Work task:
Repeat exactly the lines of the entries below from the one with "X132703370Y-68580000D01*" through the one with "X129105369Y-67098001D02*", both ends included, and nothing else.

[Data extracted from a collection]
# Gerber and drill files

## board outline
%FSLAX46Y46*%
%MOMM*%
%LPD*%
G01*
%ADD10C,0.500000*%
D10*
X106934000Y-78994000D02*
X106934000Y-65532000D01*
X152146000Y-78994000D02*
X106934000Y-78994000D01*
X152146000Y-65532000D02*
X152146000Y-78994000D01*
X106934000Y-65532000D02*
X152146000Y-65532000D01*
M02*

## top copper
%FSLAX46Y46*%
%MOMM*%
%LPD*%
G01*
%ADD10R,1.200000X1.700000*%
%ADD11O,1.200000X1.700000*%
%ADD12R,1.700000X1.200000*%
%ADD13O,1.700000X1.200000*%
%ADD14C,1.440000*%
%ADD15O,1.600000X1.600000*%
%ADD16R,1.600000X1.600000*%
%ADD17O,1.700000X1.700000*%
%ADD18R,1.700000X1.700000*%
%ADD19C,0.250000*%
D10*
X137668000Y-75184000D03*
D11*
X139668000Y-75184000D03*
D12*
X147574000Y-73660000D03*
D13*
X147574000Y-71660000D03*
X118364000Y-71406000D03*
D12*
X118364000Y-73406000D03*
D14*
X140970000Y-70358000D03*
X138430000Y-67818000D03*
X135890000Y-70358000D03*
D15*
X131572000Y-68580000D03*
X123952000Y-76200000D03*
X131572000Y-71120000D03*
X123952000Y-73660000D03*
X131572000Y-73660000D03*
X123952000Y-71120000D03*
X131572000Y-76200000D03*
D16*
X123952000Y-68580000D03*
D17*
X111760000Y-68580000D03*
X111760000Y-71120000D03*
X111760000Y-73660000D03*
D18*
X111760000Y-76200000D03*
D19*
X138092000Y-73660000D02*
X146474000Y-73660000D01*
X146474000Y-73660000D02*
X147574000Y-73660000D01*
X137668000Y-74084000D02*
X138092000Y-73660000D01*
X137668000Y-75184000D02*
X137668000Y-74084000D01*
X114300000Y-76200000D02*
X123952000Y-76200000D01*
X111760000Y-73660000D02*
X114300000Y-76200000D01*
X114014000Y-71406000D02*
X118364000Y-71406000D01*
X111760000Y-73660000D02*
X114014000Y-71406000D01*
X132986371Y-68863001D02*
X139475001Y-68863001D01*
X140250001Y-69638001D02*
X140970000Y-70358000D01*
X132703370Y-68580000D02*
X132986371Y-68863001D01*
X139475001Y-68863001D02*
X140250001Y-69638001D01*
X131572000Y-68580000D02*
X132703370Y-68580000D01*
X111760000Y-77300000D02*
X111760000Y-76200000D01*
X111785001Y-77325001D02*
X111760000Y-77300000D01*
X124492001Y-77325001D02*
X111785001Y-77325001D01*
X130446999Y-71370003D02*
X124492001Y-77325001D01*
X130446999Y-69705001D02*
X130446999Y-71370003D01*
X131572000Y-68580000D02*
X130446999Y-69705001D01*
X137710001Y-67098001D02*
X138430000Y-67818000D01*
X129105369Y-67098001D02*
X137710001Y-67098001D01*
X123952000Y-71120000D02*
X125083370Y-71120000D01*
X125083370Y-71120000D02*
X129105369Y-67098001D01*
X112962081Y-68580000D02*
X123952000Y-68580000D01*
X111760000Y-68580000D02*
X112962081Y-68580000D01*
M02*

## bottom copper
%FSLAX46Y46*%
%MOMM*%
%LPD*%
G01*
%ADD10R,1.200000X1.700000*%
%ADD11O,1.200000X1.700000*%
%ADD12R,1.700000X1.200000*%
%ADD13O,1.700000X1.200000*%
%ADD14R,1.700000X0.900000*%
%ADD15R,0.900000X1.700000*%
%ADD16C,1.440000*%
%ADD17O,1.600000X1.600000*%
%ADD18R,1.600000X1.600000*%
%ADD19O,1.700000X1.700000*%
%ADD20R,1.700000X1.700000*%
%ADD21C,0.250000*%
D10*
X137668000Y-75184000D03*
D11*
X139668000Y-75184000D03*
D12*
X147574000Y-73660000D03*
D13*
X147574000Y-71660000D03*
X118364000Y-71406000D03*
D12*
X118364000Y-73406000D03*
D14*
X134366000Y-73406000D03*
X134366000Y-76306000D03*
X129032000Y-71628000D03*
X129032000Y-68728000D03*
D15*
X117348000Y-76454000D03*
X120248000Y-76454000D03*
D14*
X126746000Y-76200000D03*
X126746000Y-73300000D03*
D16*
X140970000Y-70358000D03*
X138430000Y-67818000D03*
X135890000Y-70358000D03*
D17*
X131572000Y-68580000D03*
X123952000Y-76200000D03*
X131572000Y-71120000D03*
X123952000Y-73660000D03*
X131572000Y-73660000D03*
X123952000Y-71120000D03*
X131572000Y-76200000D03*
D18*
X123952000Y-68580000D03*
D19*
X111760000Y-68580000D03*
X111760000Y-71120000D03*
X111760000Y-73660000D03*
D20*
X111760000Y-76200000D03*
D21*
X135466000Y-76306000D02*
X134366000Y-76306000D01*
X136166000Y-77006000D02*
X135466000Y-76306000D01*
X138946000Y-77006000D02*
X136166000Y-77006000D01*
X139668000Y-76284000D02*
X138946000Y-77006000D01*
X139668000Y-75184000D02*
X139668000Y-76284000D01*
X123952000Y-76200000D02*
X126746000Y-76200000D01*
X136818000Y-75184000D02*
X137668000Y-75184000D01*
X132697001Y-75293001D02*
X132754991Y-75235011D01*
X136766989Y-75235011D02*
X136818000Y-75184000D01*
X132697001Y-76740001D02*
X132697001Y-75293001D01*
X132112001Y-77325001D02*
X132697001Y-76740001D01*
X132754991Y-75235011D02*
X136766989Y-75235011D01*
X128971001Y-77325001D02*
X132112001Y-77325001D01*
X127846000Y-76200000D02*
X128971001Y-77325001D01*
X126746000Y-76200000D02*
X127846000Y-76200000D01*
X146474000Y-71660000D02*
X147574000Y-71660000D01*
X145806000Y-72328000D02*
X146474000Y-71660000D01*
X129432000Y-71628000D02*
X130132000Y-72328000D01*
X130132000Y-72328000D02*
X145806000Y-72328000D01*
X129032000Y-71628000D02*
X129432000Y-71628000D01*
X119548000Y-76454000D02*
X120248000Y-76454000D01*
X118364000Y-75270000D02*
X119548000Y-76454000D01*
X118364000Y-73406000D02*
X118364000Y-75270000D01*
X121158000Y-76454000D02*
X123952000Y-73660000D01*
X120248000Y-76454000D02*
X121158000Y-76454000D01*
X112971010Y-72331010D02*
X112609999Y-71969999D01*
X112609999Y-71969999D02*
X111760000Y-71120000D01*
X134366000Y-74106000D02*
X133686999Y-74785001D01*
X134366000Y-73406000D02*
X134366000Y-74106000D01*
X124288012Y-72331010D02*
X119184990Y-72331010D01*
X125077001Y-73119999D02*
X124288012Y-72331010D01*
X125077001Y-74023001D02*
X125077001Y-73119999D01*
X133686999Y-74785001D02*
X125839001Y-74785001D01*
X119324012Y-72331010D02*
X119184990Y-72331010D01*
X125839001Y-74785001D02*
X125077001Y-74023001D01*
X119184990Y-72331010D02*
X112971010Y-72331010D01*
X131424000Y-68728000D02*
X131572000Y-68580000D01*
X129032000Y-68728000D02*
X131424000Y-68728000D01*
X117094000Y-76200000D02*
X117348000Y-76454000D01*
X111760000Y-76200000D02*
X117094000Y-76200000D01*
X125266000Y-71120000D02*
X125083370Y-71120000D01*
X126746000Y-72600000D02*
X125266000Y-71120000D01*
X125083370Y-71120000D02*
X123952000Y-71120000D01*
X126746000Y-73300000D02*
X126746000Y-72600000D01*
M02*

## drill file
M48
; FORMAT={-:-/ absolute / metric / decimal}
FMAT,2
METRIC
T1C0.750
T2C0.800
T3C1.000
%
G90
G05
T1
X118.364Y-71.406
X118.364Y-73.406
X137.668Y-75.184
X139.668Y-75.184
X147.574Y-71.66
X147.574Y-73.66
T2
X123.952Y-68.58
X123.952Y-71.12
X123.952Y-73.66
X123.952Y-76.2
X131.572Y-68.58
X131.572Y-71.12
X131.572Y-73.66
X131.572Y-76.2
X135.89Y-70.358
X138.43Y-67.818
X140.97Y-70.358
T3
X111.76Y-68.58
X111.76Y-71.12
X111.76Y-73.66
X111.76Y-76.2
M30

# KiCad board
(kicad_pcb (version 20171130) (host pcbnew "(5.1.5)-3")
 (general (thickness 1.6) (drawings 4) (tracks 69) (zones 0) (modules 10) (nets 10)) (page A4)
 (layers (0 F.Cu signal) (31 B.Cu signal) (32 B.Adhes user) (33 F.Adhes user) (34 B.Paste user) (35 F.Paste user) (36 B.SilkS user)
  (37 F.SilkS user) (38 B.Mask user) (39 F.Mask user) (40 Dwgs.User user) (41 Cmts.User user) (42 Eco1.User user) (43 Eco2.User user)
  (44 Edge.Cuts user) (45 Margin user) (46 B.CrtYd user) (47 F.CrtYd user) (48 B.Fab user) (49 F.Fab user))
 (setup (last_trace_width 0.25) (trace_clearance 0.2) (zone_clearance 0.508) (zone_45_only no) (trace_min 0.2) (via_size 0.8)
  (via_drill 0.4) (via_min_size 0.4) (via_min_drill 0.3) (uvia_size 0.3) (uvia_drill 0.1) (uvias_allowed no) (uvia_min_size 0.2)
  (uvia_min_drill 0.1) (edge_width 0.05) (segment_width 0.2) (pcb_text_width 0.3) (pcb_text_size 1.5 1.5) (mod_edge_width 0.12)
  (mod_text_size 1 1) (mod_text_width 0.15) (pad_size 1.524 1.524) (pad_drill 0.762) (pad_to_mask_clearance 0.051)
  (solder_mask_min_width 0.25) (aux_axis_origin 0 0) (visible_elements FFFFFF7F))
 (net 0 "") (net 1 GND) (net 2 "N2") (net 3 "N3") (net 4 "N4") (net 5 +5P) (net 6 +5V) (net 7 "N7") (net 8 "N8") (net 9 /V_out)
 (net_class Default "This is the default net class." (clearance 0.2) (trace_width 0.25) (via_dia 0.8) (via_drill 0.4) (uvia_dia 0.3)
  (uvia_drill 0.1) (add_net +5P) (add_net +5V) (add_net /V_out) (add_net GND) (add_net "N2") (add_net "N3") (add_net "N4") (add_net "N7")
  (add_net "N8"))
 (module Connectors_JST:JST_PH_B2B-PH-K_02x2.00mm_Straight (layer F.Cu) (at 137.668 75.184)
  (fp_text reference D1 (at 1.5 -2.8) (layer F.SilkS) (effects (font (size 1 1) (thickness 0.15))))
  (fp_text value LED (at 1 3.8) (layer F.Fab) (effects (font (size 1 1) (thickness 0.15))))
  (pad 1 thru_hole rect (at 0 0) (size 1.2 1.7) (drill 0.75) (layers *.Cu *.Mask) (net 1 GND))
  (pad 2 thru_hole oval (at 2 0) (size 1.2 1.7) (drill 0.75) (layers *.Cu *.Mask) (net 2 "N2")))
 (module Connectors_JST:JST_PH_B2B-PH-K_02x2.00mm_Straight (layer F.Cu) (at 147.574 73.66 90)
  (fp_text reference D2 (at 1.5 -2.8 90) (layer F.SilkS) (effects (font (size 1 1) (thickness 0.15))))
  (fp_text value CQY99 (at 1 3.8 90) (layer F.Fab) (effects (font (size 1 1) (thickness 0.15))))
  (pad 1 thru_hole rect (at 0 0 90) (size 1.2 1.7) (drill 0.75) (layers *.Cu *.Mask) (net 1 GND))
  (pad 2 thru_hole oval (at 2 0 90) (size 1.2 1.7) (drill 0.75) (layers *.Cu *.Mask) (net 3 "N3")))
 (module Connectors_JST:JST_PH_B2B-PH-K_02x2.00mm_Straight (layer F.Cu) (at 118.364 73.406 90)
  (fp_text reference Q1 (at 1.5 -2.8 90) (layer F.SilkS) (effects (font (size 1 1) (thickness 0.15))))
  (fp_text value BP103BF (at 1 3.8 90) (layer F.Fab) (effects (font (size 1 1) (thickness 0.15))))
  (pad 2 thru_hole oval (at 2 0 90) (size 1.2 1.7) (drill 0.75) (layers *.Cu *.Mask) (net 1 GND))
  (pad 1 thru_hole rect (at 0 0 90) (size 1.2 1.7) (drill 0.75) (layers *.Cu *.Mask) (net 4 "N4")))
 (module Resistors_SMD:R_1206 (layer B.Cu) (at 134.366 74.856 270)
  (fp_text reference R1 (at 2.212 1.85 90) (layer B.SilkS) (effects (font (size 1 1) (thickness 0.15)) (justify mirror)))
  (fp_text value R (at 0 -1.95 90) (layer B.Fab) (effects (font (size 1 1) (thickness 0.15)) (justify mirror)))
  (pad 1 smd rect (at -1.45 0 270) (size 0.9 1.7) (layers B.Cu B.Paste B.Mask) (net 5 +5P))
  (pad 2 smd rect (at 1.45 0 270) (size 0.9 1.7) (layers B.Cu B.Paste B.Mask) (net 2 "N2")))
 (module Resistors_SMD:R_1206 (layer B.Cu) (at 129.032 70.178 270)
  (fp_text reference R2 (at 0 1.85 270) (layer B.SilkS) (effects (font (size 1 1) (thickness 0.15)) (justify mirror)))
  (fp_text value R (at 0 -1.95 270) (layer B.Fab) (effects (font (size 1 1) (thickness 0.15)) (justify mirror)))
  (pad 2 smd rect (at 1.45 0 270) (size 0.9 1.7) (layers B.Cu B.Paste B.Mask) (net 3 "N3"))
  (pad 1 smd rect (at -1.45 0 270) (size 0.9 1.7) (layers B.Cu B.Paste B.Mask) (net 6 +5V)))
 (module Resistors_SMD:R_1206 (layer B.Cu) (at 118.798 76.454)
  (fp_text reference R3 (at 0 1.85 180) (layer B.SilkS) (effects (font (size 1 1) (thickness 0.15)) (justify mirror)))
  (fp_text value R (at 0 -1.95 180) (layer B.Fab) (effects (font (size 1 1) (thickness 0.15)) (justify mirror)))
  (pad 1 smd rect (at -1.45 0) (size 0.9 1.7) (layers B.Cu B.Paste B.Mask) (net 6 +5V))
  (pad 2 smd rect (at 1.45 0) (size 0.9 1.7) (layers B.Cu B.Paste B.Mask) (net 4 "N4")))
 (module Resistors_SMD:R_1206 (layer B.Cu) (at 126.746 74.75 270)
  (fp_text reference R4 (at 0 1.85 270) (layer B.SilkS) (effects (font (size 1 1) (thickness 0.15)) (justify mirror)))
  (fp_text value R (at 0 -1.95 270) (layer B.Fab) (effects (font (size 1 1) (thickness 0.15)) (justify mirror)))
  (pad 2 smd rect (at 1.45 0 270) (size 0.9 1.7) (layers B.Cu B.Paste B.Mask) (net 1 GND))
* * *
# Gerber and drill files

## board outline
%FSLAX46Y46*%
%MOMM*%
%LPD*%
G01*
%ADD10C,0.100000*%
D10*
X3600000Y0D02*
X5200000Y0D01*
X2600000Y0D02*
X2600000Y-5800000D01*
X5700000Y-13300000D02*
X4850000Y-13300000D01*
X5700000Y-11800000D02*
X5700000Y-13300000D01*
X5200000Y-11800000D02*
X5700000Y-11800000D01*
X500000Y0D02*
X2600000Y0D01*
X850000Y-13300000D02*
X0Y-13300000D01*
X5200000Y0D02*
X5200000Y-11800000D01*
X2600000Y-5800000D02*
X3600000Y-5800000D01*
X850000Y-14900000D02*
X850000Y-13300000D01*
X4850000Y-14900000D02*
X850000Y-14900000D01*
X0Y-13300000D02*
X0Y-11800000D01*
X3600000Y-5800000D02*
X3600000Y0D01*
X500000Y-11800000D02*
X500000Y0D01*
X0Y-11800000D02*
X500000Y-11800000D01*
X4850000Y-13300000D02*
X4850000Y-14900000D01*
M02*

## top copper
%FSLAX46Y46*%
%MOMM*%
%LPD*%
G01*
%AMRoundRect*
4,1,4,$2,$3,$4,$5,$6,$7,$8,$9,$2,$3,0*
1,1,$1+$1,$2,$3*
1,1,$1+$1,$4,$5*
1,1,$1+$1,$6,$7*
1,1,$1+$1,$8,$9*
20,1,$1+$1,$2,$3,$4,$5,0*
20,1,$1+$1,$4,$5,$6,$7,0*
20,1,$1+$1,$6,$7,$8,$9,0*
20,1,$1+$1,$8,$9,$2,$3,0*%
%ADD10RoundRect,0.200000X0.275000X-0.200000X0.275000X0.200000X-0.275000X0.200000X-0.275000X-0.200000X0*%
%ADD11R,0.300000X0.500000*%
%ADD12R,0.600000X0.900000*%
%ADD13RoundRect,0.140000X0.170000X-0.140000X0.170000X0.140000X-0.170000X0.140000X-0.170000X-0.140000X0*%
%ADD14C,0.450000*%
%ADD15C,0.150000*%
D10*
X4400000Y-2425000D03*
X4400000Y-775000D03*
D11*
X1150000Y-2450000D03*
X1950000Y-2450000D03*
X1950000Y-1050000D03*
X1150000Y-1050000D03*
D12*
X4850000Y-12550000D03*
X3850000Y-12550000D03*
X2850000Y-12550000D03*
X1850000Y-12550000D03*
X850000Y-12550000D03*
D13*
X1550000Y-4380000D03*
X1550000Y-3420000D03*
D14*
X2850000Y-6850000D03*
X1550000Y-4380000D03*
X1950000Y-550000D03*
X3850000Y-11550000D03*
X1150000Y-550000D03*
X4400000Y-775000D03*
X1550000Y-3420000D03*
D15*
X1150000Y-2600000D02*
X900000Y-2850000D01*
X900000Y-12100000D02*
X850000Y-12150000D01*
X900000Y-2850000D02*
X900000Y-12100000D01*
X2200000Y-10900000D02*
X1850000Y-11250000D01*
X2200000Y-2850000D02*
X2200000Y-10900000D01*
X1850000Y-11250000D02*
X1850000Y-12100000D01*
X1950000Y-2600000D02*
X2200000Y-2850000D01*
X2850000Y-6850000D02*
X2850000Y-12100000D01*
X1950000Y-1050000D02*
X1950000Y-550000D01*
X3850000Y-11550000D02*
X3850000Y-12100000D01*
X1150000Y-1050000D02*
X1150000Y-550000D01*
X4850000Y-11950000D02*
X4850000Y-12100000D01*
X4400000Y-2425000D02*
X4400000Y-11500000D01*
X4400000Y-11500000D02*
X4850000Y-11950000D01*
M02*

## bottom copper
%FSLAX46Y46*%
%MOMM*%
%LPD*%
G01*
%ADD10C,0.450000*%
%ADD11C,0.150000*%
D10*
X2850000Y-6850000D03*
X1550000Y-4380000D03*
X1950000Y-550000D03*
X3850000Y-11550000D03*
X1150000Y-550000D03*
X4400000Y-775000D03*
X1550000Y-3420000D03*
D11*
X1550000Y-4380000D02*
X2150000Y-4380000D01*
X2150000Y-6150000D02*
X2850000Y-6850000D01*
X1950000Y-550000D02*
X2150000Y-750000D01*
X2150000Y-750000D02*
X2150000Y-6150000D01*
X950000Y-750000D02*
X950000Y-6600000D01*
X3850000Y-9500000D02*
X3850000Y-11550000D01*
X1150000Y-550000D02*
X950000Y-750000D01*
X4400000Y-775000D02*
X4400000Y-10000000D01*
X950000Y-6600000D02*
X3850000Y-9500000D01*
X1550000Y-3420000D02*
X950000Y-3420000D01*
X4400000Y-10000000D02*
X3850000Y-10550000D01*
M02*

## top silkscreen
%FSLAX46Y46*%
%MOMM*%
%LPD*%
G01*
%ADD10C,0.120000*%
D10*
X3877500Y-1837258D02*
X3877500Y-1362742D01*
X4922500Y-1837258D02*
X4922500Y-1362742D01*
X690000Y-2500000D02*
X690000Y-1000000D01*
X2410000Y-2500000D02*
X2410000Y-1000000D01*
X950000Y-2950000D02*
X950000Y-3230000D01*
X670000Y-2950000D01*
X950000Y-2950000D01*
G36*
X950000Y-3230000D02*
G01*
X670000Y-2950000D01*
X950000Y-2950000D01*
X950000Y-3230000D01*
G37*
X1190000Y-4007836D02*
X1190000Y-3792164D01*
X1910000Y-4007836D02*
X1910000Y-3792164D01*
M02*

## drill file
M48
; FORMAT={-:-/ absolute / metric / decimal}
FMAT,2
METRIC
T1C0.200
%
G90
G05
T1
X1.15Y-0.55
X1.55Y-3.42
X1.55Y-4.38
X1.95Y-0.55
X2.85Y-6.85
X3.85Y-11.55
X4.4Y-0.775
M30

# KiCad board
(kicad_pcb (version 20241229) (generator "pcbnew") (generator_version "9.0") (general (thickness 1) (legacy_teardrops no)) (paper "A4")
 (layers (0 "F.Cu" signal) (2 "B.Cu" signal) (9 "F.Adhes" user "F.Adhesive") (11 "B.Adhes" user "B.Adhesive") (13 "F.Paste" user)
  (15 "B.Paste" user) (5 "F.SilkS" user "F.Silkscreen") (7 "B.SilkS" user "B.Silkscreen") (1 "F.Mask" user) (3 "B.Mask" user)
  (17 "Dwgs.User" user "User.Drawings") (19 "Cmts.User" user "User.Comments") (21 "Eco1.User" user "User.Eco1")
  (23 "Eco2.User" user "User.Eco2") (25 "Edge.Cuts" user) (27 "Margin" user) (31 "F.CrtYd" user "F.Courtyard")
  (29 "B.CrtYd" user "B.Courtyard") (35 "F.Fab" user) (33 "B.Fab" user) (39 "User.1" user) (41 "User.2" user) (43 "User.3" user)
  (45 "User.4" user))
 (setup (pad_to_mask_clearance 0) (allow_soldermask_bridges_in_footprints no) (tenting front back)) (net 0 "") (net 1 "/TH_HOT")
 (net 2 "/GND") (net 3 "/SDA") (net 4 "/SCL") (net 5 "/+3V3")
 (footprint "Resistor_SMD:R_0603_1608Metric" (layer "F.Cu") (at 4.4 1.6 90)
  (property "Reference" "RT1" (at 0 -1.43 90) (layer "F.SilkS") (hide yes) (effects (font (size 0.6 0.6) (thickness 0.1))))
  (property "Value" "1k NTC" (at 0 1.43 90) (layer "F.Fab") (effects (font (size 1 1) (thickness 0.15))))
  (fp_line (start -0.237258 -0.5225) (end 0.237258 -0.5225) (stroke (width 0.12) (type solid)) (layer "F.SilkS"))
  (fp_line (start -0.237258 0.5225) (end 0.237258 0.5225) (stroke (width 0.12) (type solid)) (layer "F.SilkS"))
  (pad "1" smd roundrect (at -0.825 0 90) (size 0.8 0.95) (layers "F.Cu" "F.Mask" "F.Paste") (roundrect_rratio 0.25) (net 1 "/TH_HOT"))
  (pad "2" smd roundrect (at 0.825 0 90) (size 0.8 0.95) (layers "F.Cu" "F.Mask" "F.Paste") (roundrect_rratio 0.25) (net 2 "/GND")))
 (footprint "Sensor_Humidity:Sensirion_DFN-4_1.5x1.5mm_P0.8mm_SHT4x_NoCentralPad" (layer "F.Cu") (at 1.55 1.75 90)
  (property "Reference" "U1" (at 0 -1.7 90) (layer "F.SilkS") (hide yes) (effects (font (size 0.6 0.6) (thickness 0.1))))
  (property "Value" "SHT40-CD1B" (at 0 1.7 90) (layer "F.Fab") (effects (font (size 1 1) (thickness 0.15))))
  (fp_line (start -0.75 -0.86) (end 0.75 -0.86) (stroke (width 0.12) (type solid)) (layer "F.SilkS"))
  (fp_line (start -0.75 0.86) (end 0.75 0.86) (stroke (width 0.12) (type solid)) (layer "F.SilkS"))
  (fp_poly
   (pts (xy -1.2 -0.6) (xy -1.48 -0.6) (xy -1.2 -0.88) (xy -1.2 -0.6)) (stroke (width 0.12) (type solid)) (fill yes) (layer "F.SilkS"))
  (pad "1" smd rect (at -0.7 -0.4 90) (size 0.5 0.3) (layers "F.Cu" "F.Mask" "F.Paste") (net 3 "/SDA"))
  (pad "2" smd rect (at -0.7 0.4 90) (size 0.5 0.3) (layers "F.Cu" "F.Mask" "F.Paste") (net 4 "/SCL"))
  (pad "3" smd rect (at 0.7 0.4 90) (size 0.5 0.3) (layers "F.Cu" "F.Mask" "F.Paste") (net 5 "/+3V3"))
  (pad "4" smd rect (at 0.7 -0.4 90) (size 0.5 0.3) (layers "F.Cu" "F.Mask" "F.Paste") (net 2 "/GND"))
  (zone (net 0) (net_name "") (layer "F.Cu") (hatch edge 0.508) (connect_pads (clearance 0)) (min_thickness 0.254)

Solved problem:
X132703370Y-68580000D01*
X111760000Y-77300000D02*
X111760000Y-76200000D01*
X111785001Y-77325001D02*
X111760000Y-77300000D01*
X124492001Y-77325001D02*
X111785001Y-77325001D01*
X130446999Y-71370003D02*
X124492001Y-77325001D01*
X130446999Y-69705001D02*
X130446999Y-71370003D01*
X131572000Y-68580000D02*
X130446999Y-69705001D01*
X137710001Y-67098001D02*
X138430000Y-67818000D01*
X129105369Y-67098001D02*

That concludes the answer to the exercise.